Top of Provided material

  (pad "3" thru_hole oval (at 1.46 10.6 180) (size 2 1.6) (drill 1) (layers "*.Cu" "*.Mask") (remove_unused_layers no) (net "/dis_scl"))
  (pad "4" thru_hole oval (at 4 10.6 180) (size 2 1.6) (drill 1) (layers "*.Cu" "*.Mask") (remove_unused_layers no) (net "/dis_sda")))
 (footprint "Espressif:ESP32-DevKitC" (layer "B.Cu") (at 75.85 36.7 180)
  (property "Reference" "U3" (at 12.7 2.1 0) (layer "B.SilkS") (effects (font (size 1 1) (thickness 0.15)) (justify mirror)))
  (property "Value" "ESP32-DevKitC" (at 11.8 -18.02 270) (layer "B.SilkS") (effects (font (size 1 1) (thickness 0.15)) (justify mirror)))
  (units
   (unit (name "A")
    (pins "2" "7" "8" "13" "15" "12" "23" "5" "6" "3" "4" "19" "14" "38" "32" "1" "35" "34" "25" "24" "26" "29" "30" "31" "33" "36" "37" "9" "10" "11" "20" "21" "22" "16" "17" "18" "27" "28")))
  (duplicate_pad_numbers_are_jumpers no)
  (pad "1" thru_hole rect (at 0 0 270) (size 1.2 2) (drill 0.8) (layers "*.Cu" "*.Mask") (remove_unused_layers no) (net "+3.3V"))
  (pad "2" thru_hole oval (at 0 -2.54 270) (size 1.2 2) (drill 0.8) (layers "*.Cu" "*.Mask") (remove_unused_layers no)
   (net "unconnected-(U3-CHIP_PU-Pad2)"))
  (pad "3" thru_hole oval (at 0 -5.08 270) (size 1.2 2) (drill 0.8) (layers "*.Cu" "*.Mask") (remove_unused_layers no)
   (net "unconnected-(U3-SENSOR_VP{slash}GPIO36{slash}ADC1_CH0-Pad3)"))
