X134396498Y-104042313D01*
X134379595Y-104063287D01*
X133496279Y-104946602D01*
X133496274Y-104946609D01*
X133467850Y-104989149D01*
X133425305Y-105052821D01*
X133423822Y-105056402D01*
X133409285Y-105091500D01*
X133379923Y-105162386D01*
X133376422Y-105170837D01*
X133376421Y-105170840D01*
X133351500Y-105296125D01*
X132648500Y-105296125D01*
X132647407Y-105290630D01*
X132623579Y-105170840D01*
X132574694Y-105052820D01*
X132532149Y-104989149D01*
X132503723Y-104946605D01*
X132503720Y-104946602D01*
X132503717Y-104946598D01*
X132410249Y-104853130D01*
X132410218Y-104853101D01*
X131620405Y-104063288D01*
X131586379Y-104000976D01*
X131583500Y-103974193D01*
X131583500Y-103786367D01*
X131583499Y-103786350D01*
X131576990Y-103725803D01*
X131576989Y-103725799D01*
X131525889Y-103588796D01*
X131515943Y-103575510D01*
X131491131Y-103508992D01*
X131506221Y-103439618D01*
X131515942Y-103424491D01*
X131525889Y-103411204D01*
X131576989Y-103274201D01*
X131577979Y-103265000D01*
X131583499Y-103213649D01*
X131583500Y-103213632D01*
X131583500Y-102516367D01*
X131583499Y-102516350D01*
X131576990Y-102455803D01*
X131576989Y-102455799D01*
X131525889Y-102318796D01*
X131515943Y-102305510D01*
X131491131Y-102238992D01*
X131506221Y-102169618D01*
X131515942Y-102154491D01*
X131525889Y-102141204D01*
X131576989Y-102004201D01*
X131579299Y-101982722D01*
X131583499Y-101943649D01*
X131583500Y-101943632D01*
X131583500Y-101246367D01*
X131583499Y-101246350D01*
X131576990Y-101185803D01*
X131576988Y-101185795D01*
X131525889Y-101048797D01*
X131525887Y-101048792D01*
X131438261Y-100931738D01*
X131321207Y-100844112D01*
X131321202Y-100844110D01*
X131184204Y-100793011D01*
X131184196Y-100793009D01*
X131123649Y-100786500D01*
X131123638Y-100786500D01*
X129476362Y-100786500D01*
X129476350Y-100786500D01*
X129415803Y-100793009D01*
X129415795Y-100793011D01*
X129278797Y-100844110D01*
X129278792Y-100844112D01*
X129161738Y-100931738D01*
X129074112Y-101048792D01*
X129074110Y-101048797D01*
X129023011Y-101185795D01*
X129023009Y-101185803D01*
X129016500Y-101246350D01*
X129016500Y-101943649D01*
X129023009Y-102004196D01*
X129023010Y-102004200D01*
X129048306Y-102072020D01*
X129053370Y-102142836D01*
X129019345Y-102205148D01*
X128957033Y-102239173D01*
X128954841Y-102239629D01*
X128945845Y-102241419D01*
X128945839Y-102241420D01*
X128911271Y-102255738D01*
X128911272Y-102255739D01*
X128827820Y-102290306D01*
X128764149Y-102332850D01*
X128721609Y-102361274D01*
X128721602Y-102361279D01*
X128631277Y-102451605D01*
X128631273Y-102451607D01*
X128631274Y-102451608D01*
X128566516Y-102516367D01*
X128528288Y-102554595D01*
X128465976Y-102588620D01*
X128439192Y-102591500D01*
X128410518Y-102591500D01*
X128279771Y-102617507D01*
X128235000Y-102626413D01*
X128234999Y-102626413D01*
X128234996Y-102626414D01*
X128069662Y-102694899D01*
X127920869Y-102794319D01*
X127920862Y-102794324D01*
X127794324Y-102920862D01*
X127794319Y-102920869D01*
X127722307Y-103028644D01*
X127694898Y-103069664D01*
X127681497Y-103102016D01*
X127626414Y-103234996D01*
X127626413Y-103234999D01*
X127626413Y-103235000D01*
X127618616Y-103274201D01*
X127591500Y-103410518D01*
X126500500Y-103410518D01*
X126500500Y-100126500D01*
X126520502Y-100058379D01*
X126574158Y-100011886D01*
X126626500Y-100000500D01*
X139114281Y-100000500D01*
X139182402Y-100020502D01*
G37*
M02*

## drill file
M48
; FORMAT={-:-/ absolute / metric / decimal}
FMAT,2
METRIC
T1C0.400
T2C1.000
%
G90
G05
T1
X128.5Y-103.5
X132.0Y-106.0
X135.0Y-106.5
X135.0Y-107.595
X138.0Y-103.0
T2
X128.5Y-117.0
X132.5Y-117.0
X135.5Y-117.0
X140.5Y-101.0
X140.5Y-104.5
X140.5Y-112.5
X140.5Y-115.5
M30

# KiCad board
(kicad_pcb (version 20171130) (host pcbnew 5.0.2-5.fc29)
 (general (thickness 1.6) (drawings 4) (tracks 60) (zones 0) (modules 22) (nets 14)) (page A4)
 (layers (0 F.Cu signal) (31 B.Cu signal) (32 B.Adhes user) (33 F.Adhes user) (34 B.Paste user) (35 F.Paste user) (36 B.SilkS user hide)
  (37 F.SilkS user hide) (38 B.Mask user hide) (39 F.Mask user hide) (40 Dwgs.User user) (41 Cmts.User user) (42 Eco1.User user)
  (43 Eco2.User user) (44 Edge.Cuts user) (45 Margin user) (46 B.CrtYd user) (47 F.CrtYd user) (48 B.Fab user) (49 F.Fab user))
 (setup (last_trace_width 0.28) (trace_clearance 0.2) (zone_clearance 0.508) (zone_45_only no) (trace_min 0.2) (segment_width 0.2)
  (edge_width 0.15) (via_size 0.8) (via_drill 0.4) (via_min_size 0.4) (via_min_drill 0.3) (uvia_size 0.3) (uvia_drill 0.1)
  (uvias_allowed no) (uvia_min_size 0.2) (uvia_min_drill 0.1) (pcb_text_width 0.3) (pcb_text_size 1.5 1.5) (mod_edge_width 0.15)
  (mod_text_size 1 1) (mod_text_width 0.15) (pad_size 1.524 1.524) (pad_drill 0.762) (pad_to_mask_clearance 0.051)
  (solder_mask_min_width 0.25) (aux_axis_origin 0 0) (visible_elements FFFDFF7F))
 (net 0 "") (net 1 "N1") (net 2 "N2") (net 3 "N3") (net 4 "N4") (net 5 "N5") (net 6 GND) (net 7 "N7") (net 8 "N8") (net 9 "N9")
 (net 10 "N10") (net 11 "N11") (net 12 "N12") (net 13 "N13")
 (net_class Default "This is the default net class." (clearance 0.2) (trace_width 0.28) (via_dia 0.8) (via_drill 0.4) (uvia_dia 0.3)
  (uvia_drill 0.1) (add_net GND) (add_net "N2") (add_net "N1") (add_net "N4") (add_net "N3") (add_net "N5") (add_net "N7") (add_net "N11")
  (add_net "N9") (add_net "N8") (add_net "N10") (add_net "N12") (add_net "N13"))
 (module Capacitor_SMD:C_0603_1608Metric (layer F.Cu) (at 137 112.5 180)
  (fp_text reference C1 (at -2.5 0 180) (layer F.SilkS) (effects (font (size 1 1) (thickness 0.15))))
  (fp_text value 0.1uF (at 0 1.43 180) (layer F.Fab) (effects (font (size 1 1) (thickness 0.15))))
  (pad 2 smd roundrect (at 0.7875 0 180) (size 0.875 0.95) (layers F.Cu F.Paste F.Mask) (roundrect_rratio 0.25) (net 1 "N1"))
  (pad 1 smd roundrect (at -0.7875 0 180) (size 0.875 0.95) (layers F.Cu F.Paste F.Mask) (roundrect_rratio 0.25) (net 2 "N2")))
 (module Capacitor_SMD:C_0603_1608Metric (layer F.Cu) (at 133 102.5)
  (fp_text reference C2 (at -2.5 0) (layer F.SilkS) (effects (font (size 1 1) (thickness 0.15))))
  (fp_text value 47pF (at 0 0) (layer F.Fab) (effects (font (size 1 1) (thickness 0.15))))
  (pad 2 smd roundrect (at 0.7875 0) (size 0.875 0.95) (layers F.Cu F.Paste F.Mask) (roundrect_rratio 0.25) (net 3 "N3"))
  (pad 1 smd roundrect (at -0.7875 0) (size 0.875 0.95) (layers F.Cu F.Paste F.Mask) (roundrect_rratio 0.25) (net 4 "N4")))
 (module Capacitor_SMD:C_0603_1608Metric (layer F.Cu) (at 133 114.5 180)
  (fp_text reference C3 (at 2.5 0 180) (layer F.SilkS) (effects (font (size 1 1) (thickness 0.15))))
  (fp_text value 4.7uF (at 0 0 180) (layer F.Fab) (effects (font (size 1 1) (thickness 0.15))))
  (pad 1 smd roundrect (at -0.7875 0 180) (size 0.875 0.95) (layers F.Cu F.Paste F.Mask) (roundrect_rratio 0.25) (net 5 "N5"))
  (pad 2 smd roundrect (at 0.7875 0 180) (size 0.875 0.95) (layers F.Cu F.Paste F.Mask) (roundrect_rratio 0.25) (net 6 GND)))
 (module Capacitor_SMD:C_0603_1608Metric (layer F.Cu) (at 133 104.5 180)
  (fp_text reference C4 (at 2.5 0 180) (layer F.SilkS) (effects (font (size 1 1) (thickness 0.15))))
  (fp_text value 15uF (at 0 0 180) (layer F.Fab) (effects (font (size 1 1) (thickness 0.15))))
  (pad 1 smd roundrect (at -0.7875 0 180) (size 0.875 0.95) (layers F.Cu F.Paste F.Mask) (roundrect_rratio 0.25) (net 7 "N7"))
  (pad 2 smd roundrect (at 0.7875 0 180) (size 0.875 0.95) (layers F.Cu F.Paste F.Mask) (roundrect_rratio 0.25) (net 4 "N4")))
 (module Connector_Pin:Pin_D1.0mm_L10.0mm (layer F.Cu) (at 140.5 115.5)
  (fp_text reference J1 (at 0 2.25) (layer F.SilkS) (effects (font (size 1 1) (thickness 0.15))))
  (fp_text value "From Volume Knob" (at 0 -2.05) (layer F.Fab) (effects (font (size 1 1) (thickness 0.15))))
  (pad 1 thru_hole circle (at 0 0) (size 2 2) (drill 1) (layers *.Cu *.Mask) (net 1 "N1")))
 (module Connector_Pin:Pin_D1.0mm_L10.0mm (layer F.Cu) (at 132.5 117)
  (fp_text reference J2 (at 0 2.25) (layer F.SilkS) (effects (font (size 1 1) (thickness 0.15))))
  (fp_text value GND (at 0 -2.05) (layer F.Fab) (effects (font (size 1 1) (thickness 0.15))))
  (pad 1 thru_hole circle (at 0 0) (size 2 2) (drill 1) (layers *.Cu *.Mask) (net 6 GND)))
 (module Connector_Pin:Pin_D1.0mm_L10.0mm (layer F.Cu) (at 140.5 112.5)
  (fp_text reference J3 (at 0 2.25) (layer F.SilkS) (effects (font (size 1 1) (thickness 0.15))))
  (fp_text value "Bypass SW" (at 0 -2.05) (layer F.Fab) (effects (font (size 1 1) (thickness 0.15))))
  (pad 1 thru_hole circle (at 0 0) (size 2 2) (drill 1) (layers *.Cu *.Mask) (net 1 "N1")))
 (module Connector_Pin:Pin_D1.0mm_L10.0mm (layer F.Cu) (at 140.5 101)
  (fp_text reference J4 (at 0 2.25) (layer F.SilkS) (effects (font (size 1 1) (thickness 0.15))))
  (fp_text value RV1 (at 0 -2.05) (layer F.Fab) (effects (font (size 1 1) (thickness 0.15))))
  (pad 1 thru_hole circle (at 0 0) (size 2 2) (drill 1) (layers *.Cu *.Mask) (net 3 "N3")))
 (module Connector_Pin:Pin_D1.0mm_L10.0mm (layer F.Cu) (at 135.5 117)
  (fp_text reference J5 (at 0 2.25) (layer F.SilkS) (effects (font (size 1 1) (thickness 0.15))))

Bottom of Provided material

Aim of the exercise: Copy range, inclusive: the line holding "X127681497Y-103102016D01*" to the line holding "X139114281Y-100000500D01*". Reproduce exactly those lines of the records above and no others.

Answer space:
X127681497Y-103102016D01*
X127626414Y-103234996D01*
X127626413Y-103234999D01*
X127626413Y-103235000D01*
X127618616Y-103274201D01*
X127591500Y-103410518D01*
X126500500Y-103410518D01*
X126500500Y-100126500D01*
X126520502Y-100058379D01*
X126574158Y-100011886D01*
X126626500Y-100000500D01*
X139114281Y-100000500D01*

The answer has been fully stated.